- 
                Notifications
    
You must be signed in to change notification settings  - Fork 12
 
Description
Hello!
First, thanks so much for making this and the accompanying software-mentions-client library, I really appreciate all of the work that has gone in to making this available!
I am looking for some help regarding detecting and extracting software sharing URLs. For example, in the CZI Software Mentions Dataset paper, there are lots of pieces of software mentioned and correctly found but it doesn't seem to find this link/passage:
This model achieves a 10-fold cross-validation F1 score of 0.92. More details can be found at: https://github.com/chanzuckerberg/software-mention-extraction.
or:
All the code used for extraction, disambiguation and linking, as well as instructions on how to reproduce the results and some starter code is available at a GitHub repository https://github.com/chanzuckerberg/software-mentions under the MIT license with the permanent snapshot at [43].

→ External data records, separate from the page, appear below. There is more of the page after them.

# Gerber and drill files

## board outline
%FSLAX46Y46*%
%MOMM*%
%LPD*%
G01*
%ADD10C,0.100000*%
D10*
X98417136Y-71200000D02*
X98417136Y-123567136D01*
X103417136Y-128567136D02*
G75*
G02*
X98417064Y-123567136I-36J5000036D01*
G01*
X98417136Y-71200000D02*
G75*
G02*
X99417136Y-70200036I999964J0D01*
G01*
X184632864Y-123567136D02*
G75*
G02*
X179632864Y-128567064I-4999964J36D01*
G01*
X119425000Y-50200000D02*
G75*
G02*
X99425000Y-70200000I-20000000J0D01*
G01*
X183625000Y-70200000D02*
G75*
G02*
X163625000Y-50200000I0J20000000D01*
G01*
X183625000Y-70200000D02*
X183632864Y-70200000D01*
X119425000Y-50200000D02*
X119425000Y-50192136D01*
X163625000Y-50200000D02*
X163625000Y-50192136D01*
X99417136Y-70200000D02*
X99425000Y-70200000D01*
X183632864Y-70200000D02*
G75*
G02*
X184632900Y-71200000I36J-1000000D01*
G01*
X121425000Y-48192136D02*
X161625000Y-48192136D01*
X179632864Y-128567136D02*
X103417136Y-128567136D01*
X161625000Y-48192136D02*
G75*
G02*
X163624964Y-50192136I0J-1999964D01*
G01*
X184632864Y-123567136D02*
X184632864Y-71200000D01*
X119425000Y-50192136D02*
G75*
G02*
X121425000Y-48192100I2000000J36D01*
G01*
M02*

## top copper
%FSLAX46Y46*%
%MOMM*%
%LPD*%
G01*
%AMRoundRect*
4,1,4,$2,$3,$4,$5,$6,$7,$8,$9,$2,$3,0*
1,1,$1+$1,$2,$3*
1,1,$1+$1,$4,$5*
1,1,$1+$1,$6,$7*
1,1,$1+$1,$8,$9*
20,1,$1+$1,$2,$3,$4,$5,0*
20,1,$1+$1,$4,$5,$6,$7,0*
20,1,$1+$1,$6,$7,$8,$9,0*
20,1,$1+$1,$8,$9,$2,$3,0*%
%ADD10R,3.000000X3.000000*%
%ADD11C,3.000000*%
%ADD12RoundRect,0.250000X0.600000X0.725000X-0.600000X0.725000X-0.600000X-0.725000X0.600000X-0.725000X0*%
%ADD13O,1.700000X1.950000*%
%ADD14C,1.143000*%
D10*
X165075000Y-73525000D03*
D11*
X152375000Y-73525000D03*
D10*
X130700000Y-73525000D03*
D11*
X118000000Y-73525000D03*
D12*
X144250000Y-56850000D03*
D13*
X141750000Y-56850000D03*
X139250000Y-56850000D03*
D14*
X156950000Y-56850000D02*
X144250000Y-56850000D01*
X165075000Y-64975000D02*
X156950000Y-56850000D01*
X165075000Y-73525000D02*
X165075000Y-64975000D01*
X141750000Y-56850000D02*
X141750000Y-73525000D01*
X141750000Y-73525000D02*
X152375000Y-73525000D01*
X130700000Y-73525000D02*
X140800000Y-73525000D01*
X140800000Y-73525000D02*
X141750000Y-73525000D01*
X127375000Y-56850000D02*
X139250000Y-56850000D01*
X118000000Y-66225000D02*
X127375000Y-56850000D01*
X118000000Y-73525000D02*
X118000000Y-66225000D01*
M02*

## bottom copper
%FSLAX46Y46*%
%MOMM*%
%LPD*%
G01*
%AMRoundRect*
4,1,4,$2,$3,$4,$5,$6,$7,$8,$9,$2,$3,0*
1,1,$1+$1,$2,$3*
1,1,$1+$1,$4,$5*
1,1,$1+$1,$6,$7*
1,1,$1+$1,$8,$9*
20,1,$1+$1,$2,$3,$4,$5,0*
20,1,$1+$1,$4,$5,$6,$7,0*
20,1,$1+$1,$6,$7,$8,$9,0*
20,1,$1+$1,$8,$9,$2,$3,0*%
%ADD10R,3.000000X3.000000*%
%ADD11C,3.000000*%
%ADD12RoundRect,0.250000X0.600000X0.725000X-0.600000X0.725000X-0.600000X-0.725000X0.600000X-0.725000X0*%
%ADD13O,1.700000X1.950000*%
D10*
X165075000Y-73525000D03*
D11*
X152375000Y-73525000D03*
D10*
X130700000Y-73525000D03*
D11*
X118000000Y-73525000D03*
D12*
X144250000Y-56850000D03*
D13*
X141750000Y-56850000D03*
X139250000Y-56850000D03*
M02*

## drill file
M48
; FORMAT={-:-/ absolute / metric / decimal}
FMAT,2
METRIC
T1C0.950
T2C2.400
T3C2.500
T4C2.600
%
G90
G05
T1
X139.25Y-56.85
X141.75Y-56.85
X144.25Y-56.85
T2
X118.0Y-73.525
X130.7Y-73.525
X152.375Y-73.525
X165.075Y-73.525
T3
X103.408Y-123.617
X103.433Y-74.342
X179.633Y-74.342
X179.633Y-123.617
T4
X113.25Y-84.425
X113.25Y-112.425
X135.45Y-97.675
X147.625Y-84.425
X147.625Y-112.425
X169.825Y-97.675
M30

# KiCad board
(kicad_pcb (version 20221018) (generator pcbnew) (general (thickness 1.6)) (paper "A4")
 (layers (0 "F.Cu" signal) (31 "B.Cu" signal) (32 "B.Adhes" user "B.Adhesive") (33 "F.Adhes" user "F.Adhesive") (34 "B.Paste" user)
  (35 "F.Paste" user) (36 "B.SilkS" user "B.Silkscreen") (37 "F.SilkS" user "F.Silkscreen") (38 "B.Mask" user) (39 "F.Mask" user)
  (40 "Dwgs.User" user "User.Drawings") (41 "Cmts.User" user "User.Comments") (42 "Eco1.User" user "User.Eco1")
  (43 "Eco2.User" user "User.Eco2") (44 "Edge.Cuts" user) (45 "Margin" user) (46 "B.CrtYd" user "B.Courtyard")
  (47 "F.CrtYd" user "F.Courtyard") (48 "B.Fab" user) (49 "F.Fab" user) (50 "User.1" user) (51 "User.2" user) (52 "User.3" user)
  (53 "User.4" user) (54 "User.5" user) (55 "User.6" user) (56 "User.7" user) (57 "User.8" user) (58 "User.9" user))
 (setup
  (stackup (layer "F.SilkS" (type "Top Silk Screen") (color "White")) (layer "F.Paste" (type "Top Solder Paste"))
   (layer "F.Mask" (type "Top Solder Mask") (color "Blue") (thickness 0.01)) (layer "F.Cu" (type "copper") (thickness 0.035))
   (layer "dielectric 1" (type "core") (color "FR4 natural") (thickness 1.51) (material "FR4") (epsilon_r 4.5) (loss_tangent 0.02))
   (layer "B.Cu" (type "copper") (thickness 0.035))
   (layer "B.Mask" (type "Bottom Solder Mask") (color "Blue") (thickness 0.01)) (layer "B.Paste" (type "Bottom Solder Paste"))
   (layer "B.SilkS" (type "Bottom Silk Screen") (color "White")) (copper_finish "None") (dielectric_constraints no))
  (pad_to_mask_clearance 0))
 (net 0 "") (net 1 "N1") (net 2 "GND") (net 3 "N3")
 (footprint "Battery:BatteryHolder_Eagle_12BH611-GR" (layer "F.Cu") (at 165.075 73.525 90)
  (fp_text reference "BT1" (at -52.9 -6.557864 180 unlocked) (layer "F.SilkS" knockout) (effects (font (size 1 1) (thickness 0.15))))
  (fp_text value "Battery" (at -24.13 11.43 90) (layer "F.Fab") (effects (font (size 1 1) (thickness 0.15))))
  (pad "" np_thru_hole circle (at -38.9 -17.45 90) (size 2.6 2.6) (drill 2.6) (layers "*.Cu" "*.Mask"))
  (pad "" np_thru_hole circle (at -24.15 4.75 90) (size 2.6 2.6) (drill 2.6) (layers "*.Cu" "*.Mask"))
  (pad "" np_thru_hole circle (at -10.9 -17.45 90) (size 2.6 2.6) (drill 2.6) (layers "*.Cu" "*.Mask"))
  (pad "1" thru_hole rect (at 0 0 90) (size 3 3) (drill 2.4) (layers "*.Cu" "*.Mask") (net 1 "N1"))
  (pad "2" thru_hole circle (at 0 -12.7 90) (size 3 3) (drill 2.4) (layers "*.Cu" "*.Mask") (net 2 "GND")))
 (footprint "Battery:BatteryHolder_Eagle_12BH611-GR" (layer "F.Cu") (at 130.7 73.525 90)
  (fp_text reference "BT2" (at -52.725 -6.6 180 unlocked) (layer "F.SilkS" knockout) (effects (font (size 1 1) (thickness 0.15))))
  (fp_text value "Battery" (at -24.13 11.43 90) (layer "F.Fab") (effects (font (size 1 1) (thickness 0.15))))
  (pad "" np_thru_hole circle (at -38.9 -17.45 90) (size 2.6 2.6) (drill 2.6) (layers "*.Cu" "*.Mask"))
  (pad "" np_thru_hole circle (at -24.15 4.75 90) (size 2.6 2.6) (drill 2.6) (layers "*.Cu" "*.Mask"))
  (pad "" np_thru_hole circle (at -10.9 -17.45 90) (size 2.6 2.6) (drill 2.6) (layers "*.Cu" "*.Mask"))
  (pad "1" thru_hole rect (at 0 0 90) (size 3 3) (drill 2.4) (layers "*.Cu" "*.Mask") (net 2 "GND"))
  (pad "2" thru_hole circle (at 0 -12.7 90) (size 3 3) (drill 2.4) (layers "*.Cu" "*.Mask") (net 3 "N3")))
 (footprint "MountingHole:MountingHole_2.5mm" (layer "F.Cu") (at 103.432864 74.342136)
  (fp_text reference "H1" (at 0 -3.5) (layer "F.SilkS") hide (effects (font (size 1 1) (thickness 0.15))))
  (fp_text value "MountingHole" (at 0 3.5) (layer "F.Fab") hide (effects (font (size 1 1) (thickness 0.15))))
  (pad "" np_thru_hole circle (at 0 0) (size 2.5 2.5) (drill 2.5) (layers "*.Cu" "*.Mask")))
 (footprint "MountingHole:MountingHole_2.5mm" (layer "F.Cu") (at 103.407864 123.617136)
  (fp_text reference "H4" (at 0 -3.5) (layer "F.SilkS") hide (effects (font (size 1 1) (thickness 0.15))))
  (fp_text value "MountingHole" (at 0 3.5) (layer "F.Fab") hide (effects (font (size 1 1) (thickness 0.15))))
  (pad "" np_thru_hole circle (at 0 0) (size 2.5 2.5) (drill 2.5) (layers "*.Cu" "*.Mask")))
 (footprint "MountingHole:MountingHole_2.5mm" (layer "F.Cu") (at 179.632864 123.617136)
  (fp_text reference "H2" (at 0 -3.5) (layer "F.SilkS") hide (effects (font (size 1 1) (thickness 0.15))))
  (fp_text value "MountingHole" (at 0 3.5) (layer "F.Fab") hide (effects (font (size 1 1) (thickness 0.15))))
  (pad "" np_thru_hole circle (at 0 0) (size 2.5 2.5) (drill 2.5) (layers "*.Cu" "*.Mask")))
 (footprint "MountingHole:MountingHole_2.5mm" (layer "F.Cu") (at 179.632864 74.342136)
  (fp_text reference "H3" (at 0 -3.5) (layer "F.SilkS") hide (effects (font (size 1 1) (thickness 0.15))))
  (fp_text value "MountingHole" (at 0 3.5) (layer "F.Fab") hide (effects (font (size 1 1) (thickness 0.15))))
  (pad "" np_thru_hole circle (at 0 0) (size 2.5 2.5) (drill 2.5) (layers "*.Cu" "*.Mask")))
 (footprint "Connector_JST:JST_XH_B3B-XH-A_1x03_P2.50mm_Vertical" (layer "B.Cu") (at 144.25 56.85 180)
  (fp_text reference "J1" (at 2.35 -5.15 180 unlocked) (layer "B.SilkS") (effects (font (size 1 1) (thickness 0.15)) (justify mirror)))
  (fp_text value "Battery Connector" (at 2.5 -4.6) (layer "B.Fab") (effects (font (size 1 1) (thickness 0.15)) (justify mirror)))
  (pad "1" thru_hole roundrect (at 0 0 180) (size 1.7 1.95) (drill 0.95) (layers "*.Cu" "*.Mask") (roundrect_rratio 0.1470588235)
   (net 1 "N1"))
  (pad "2" thru_hole oval (at 2.5 0 180) (size 1.7 1.95) (drill 0.95) (layers "*.Cu" "*.Mask") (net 2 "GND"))
  (pad "3" thru_hole oval (at 5 0 180) (size 1.7 1.95) (drill 0.95) (layers "*.Cu" "*.Mask") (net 3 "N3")))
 (gr_line (start 98.417136 71.2) (end 98.417136 123.567136) (stroke (width 0.1) (type default)) (layer "Edge.Cuts"))
 (gr_arc (start 103.417136 128.567136) (mid 99.881602 127.10267) (end 98.417136 123.567136) (stroke (width 0.1) (type default))
  (layer "Edge.Cuts"))
 (gr_arc (start 98.417136 71.2) (mid 98.710029 70.492893) (end 99.417136 70.2) (stroke (width 0.1) (type default)) (layer "Edge.Cuts"))
 (gr_arc (start 184.632864 123.567136) (mid 183.168398 127.10267) (end 179.632864 128.567136) (stroke (width 0.1) (type default))
  (layer "Edge.Cuts"))
 (gr_arc (start 119.425 50.2) (mid 113.567136 64.342136) (end 99.425 70.2) (stroke (width 0.1) (type default)) (layer "Edge.Cuts"))
 (gr_arc (start 183.625 70.2) (mid 169.482864 64.342136) (end 163.625 50.2) (stroke (width 0.1) (type default)) (layer "Edge.Cuts"))
 (gr_line (start 183.625 70.2) (end 183.632864 70.2) (stroke (width 0.1) (type default)) (layer "Edge.Cuts"))
 (gr_line (start 119.425 50.2) (end 119.425 50.192136) (stroke (width 0.1) (type default)) (layer "Edge.Cuts"))
 (gr_line (start 163.625 50.2) (end 163.625 50.192136) (stroke (width 0.1) (type default)) (layer "Edge.Cuts"))
 (gr_line (start 99.417136 70.2) (end 99.425 70.2) (stroke (width 0.1) (type default)) (layer "Edge.Cuts"))
 (gr_arc (start 183.632864 70.2) (mid 184.339971 70.492893) (end 184.632864 71.2) (stroke (width 0.1) (type default)) (layer "Edge.Cuts"))
 (gr_line (start 121.425 48.192136) (end 161.625 48.192136) (stroke (width 0.1) (type default)) (layer "Edge.Cuts"))
 (gr_line (start 179.632864 128.567136) (end 103.417136 128.567136) (stroke (width 0.1) (type default)) (layer "Edge.Cuts"))
 (gr_arc (start 161.625 48.192136) (mid 163.039214 48.777922) (end 163.625 50.192136) (stroke (width 0.1) (type default))
  (layer "Edge.Cuts"))
 (gr_line (start 184.632864 123.567136) (end 184.632864 71.2) (stroke (width 0.1) (type default)) (layer "Edge.Cuts"))
 (gr_arc (start 119.425 50.192136) (mid 120.010786 48.777922) (end 121.425 48.192136) (stroke (width 0.1) (type default))
  (layer "Edge.Cuts"))
 (segment (start 156.95 56.85) (end 144.25 56.85) (width 1.143) (layer "F.Cu") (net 1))
 (segment (start 165.075 64.975) (end 156.95 56.85) (width 1.143) (layer "F.Cu") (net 1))
 (segment (start 165.075 73.525) (end 165.075 64.975) (width 1.143) (layer "F.Cu") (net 1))
 (segment (start 141.75 56.85) (end 141.75 73.525) (width 1.143) (layer "F.Cu") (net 2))
 (segment (start 141.75 73.525) (end 152.375 73.525) (width 1.143) (layer "F.Cu") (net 2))
 (segment (start 130.7 73.525) (end 140.8 73.525) (width 1.143) (layer "F.Cu") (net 2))
 (segment (start 140.8 73.525) (end 141.75 73.525) (width 1.143) (layer "F.Cu") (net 2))
 (segment (start 127.375 56.85) (end 139.25 56.85) (width 1.143) (layer "F.Cu") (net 3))
 (segment (start 118 66.225) (end 127.375 56.85) (width 1.143) (layer "F.Cu") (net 3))
 (segment (start 118 73.525) (end 118 66.225) (width 1.143) (layer "F.Cu") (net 3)))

I was hoping that I would be able to extract those links as that is the authors trying to share their software but I think I may be doing something wrong or have the deployment configured incorrectly.

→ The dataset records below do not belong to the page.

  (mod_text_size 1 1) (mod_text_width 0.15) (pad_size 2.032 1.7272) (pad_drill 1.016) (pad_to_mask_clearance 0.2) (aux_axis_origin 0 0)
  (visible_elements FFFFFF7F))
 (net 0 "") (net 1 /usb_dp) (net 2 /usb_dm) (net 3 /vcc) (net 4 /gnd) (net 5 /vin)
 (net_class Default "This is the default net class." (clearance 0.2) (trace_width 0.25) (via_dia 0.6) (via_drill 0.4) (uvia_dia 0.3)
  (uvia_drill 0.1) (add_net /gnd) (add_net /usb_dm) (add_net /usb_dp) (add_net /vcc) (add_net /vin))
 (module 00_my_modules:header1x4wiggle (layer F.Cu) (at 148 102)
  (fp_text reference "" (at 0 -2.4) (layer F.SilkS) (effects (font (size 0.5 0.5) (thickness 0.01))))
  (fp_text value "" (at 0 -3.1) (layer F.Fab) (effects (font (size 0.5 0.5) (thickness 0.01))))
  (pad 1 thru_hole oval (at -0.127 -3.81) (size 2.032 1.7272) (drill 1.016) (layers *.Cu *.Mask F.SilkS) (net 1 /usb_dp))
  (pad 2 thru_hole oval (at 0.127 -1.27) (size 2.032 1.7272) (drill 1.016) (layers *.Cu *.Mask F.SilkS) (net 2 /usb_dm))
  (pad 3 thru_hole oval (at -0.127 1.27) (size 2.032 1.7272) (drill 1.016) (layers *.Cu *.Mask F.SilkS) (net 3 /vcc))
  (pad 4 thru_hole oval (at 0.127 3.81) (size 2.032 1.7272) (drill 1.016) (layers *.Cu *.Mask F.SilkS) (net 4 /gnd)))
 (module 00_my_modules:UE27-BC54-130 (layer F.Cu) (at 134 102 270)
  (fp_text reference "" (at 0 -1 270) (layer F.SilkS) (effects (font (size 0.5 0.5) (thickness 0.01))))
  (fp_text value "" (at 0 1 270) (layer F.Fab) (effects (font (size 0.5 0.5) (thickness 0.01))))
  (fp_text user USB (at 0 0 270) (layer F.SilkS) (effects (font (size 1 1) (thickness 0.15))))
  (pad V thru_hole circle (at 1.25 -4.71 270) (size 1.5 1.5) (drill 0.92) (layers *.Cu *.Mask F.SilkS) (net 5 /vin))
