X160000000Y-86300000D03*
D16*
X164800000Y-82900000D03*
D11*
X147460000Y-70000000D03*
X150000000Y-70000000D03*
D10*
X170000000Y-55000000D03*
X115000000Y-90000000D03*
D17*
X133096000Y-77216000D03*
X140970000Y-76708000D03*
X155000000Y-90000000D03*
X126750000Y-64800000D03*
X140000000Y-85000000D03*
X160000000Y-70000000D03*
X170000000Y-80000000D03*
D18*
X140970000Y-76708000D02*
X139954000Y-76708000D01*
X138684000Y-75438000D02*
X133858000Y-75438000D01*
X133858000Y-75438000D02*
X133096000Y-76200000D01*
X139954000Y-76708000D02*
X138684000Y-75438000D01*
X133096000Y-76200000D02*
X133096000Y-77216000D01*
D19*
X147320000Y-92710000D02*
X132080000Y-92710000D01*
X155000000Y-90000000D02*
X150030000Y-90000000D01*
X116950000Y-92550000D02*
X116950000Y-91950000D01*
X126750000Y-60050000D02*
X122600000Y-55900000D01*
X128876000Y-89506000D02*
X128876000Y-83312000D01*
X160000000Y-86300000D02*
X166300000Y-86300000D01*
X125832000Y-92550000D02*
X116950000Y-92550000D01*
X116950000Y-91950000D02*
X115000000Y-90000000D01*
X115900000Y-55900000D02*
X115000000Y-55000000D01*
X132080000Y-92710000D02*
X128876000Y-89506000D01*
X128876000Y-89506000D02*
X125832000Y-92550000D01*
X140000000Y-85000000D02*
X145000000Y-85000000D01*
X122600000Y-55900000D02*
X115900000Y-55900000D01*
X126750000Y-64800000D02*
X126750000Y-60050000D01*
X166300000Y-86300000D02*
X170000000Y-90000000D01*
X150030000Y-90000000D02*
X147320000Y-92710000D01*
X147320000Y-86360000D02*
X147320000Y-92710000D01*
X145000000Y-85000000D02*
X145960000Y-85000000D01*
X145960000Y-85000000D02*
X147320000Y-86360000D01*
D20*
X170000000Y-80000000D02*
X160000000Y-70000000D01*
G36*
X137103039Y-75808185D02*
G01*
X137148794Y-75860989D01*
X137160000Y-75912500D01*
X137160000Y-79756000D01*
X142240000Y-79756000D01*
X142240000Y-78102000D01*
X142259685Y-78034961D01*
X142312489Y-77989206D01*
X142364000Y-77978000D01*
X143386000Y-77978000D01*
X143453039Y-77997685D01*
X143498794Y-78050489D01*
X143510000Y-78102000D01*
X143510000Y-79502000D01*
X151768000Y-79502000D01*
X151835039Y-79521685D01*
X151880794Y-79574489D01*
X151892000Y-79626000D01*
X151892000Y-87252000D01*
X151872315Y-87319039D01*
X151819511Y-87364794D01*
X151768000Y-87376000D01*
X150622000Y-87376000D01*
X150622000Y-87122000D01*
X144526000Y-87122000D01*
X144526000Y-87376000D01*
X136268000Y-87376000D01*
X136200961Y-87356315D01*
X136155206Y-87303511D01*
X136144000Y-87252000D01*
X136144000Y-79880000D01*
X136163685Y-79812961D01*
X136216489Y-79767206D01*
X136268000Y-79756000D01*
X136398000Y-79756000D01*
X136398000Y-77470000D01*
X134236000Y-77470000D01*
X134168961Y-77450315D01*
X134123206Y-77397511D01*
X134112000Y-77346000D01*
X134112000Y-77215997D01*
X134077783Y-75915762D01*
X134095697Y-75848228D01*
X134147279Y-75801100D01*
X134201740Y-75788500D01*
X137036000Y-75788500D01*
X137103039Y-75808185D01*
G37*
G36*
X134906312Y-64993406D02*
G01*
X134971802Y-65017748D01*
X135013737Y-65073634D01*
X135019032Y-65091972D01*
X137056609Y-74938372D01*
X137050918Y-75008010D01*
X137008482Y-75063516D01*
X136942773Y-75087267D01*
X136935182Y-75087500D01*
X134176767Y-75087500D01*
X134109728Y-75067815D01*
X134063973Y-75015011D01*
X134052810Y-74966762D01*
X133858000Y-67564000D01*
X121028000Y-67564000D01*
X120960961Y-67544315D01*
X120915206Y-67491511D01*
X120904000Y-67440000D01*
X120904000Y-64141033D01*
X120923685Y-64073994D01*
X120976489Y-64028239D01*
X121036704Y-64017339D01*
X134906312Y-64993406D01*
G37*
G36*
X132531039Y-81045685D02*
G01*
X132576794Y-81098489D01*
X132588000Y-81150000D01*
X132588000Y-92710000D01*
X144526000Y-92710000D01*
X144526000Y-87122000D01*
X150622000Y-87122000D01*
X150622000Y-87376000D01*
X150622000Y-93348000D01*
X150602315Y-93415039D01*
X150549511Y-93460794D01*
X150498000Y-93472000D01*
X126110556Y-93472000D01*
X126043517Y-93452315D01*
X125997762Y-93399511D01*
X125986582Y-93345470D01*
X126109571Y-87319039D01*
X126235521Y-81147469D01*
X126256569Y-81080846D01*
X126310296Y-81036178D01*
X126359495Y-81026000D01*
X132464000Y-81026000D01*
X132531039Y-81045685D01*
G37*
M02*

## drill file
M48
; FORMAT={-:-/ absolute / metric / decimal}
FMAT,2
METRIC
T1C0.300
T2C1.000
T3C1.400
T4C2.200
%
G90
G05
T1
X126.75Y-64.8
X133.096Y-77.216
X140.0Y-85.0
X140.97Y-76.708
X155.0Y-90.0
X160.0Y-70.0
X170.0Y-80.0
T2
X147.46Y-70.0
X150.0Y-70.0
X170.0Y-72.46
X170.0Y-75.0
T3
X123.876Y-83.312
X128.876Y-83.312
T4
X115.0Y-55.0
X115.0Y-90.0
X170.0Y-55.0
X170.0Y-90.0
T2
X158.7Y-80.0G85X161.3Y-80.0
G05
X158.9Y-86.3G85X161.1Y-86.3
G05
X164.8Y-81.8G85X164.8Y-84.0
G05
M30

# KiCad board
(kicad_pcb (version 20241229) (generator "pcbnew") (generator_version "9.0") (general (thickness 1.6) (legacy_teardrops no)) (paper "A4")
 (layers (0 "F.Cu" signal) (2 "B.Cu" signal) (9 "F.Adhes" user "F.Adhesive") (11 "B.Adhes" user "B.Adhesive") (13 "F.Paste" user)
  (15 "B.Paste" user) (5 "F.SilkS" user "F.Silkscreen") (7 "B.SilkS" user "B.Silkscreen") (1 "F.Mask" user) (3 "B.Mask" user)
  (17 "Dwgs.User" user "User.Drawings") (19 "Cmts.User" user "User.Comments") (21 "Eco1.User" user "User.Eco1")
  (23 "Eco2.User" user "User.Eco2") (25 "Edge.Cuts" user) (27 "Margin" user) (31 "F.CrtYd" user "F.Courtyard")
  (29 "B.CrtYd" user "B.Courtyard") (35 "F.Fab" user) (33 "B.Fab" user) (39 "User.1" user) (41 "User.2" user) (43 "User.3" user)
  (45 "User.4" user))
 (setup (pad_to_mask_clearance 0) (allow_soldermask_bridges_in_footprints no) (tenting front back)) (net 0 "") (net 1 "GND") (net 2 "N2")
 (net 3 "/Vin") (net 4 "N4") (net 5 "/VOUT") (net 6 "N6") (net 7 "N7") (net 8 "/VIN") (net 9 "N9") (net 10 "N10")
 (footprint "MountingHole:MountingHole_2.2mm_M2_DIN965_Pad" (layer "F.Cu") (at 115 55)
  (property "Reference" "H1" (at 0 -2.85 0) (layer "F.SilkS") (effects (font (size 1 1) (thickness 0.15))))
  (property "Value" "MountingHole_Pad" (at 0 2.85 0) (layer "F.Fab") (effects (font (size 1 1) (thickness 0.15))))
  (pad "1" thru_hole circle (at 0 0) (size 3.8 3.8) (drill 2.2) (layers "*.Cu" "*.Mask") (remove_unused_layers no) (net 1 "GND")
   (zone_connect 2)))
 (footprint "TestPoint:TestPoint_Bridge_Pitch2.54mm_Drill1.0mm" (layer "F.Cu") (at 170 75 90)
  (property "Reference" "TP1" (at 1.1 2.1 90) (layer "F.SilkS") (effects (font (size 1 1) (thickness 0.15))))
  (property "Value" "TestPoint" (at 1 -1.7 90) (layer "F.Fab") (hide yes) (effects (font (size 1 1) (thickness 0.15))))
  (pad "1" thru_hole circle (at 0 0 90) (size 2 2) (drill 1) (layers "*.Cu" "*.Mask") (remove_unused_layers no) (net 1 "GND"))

Another example can be found in the Rise of Open Science paper. This time the service finds very little software (which is I think to be expected) but also doesn't find the authors sharing their code in the following footnote:
The codes can be accessed at https://github.com/caohanch/paper_data_method_sharing/.
I am using the grobid/software-mentions:0.8.1 docker image and I haven't changed any of the configuration details because I already saw in the README:
It is recommended to use the Docker image for running the service. The best Deep Learning models are included and are used by default by this image.
Please let me know if you have any thoughts/ideas/etc. Any help is greatly appreciated, just confused if I am doing something incorrectly.